_EXTRACTED INFORMATION_:
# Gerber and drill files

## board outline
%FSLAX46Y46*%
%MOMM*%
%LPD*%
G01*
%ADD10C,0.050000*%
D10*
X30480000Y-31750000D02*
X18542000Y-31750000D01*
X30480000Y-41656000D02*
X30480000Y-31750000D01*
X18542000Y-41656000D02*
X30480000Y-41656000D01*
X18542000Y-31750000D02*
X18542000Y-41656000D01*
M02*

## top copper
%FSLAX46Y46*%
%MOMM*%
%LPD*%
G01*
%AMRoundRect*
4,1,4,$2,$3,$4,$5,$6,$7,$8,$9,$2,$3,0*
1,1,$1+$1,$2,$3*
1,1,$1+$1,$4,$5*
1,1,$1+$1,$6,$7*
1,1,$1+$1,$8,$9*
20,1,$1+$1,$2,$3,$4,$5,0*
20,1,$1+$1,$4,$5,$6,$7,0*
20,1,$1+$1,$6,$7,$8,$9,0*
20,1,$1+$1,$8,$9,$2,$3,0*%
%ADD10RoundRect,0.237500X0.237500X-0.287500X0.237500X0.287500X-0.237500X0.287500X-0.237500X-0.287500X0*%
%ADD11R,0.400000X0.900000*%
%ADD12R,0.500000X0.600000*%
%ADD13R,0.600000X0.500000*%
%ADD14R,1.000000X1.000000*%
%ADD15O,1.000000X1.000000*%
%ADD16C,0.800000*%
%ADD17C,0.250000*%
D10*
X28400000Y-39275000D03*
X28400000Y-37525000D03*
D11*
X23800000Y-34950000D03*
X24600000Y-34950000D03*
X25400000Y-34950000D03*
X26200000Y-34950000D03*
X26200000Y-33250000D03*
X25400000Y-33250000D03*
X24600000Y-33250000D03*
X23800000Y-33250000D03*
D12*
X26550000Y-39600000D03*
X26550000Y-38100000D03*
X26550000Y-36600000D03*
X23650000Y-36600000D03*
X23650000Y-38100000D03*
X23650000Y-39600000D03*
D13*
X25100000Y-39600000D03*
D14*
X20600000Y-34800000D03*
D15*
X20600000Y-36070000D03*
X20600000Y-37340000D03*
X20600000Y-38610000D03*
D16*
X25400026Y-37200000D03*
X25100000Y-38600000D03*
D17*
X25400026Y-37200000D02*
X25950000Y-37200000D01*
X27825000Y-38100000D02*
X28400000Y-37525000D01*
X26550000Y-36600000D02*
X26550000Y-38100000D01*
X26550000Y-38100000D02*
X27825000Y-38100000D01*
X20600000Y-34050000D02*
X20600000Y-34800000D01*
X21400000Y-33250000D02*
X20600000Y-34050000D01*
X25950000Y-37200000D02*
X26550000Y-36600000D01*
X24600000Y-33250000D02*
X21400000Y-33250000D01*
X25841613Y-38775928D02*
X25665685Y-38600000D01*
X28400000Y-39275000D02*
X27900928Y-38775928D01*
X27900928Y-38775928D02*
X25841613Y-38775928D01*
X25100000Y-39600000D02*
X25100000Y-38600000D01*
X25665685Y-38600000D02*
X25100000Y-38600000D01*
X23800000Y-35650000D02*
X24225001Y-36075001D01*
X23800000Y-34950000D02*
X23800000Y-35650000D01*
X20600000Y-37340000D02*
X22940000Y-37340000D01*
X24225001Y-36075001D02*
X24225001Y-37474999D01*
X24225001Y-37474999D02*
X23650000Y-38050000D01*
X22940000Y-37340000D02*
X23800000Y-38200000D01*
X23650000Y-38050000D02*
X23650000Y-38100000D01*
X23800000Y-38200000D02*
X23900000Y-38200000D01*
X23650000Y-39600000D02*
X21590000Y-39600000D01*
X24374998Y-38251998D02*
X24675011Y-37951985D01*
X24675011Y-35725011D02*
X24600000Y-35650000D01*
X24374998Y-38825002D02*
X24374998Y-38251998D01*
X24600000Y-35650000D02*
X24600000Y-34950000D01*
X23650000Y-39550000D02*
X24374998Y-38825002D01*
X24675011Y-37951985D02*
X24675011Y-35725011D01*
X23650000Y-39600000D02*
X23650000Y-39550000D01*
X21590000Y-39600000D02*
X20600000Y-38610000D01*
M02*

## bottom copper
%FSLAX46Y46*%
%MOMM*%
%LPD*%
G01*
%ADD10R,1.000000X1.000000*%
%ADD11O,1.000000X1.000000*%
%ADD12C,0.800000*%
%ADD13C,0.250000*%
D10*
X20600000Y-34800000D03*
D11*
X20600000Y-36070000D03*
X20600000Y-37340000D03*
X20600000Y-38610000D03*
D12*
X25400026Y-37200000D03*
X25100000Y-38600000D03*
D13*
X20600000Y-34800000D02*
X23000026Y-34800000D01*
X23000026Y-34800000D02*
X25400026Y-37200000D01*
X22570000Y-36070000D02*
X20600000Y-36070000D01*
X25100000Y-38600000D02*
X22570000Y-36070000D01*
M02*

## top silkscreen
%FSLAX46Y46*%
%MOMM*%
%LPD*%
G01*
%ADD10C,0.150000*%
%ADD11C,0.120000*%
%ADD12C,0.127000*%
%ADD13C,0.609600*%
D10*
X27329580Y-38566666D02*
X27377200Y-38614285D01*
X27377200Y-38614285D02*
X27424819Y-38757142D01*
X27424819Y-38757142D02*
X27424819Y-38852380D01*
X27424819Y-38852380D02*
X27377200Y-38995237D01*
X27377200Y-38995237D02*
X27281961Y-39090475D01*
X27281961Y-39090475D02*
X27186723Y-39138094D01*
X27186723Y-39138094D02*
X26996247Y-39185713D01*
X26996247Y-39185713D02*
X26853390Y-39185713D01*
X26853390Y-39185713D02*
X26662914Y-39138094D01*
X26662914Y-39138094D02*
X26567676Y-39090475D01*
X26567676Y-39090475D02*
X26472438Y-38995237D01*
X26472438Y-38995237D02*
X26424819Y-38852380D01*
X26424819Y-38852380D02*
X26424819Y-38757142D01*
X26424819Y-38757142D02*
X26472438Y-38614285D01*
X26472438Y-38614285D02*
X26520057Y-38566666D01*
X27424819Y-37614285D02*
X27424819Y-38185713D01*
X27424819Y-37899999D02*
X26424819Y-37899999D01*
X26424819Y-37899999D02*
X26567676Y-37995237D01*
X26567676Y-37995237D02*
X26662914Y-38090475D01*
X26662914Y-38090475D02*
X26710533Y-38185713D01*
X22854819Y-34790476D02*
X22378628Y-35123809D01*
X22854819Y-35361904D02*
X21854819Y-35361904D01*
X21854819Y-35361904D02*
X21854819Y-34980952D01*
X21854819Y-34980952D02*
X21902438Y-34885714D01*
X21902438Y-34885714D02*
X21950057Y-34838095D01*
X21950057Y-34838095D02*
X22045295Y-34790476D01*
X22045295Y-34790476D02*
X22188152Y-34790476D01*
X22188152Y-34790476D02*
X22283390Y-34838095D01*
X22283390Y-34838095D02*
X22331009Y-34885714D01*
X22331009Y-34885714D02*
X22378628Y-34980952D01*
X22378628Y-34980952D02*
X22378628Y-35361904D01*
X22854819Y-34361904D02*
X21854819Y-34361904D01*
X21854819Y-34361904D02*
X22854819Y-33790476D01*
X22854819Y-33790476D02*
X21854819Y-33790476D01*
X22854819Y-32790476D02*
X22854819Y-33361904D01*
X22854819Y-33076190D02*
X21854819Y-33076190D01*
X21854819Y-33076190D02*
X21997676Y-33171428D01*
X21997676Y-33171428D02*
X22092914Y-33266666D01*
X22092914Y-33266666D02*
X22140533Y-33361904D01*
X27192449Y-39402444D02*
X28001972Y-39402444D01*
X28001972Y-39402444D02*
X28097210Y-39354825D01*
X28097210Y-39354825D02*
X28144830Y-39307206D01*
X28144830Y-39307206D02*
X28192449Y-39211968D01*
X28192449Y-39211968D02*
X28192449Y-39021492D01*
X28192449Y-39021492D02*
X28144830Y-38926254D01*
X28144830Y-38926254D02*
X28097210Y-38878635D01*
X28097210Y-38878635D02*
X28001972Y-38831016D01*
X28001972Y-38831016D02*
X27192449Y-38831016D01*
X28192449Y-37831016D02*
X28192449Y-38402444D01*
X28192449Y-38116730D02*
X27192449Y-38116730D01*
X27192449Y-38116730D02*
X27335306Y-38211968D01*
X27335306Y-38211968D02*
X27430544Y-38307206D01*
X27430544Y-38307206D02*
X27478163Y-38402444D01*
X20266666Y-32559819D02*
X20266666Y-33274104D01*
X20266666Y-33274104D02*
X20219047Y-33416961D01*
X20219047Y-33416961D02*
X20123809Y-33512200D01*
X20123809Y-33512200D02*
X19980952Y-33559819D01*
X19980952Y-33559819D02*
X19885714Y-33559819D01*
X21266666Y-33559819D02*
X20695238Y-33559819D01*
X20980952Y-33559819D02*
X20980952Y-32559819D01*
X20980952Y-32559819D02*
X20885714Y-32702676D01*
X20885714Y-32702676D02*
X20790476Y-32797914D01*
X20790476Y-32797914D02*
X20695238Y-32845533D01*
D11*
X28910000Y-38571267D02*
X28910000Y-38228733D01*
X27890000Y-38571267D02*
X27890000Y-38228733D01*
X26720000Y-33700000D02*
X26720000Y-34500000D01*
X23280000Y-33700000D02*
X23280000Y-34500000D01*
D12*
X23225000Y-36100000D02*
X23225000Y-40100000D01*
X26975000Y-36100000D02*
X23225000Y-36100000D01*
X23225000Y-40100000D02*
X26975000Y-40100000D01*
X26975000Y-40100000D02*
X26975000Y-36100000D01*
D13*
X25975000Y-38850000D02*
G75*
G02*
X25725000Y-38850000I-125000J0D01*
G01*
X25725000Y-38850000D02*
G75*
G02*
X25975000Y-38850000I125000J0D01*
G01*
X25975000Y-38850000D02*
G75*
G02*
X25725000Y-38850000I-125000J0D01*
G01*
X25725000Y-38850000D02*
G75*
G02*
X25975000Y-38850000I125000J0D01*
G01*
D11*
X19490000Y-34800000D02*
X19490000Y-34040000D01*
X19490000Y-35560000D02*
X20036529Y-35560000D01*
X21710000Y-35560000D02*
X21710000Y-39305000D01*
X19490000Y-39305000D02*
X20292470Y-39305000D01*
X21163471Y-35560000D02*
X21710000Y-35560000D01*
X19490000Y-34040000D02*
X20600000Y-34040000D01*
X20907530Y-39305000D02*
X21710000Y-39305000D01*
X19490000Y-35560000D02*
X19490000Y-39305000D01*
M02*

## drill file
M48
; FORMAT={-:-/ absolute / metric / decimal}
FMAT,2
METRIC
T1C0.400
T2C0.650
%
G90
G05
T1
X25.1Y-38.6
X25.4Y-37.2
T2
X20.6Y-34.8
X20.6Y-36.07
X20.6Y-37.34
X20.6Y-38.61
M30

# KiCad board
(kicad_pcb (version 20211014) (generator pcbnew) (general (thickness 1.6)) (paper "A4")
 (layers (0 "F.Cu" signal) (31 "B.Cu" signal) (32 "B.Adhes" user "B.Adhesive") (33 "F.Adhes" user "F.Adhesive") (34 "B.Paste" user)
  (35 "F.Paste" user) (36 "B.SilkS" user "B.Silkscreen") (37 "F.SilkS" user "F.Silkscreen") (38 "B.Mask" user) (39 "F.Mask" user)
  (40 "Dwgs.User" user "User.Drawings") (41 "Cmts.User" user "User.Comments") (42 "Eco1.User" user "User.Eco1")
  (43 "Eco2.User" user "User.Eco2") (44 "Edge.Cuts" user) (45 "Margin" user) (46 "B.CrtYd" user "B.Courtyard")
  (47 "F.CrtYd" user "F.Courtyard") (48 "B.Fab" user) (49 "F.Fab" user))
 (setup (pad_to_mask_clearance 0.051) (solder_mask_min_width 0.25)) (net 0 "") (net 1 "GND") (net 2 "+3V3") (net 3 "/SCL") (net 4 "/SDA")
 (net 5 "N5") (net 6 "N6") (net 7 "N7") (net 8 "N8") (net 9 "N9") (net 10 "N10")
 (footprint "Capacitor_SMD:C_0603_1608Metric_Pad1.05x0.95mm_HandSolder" (layer "F.Cu") (at 28.4 38.4 90)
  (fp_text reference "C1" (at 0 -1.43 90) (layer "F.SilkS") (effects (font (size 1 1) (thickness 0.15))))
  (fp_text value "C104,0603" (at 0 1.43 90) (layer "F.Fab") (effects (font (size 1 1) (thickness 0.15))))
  (fp_line (start -0.171267 0.51) (end 0.171267 0.51) (layer "F.SilkS") (width 0.12))
  (fp_line (start -0.171267 -0.51) (end 0.171267 -0.51) (layer "F.SilkS") (width 0.12))
  (pad "1" smd roundrect locked (at -0.875 0 90) (size 1.05 0.95) (layers "F.Cu" "F.Paste" "F.Mask") (roundrect_rratio 0.25) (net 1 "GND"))
  (pad "2" smd roundrect locked (at 0.875 0 90) (size 1.05 0.95) (layers "F.Cu" "F.Paste" "F.Mask") (roundrect_rratio 0.25) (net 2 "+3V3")))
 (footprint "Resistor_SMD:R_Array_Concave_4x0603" (layer "F.Cu") (at 25 34.1 90)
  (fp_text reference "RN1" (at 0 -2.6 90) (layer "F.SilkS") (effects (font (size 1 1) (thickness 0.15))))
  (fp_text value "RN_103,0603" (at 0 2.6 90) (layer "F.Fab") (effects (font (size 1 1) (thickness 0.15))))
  (fp_line (start 0.4 1.72) (end -0.4 1.72) (layer "F.SilkS") (width 0.12))
  (fp_line (start 0.4 -1.72) (end -0.4 -1.72) (layer "F.SilkS") (width 0.12))
  (pad "1" smd rect locked (at -0.85 -1.2 90) (size 0.9 0.4) (layers "F.Cu" "F.Paste" "F.Mask") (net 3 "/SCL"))
  (pad "2" smd rect locked (at -0.85 -0.4 90) (size 0.9 0.4) (layers "F.Cu" "F.Paste" "F.Mask") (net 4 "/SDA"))
  (pad "3" smd rect locked (at -0.85 0.4 90) (size 0.9 0.4) (layers "F.Cu" "F.Paste" "F.Mask") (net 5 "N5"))
  (pad "4" smd rect locked (at -0.85 1.2 90) (size 0.9 0.4) (layers "F.Cu" "F.Paste" "F.Mask") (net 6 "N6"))
  (pad "5" smd rect locked (at 0.85 1.2 90) (size 0.9 0.4) (layers "F.Cu" "F.Paste" "F.Mask") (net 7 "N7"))
  (pad "6" smd rect locked (at 0.85 0.4 90) (size 0.9 0.4) (layers "F.Cu" "F.Paste" "F.Mask") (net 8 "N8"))
  (pad "7" smd rect locked (at 0.85 -0.4 90) (size 0.9 0.4) (layers "F.Cu" "F.Paste" "F.Mask") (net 2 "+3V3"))
  (pad "8" smd rect locked (at 0.85 -1.2 90) (size 0.9 0.4) (layers "F.Cu" "F.Paste" "F.Mask") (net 2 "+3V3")))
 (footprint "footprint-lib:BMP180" (layer "F.Cu") (at 25.1 38.1 -90)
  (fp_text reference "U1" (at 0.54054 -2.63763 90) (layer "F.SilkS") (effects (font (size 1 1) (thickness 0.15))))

_WHAT THE TASK ASKS_:
Starting at the line above that contains "X20600000Y-34800000D01*", repeat each line exactly up to and including the line that contains "X25100000Y-39600000D02*", and stop there.

_RESULT FOR THIS TASK_:
X20600000Y-34800000D01*
X21400000Y-33250000D02*
X20600000Y-34050000D01*
X25950000Y-37200000D02*
X26550000Y-36600000D01*
X24600000Y-33250000D02*
X21400000Y-33250000D01*
X25841613Y-38775928D02*
X25665685Y-38600000D01*
X28400000Y-39275000D02*
X27900928Y-38775928D01*
X27900928Y-38775928D02*
X25841613Y-38775928D01*
X25100000Y-39600000D02*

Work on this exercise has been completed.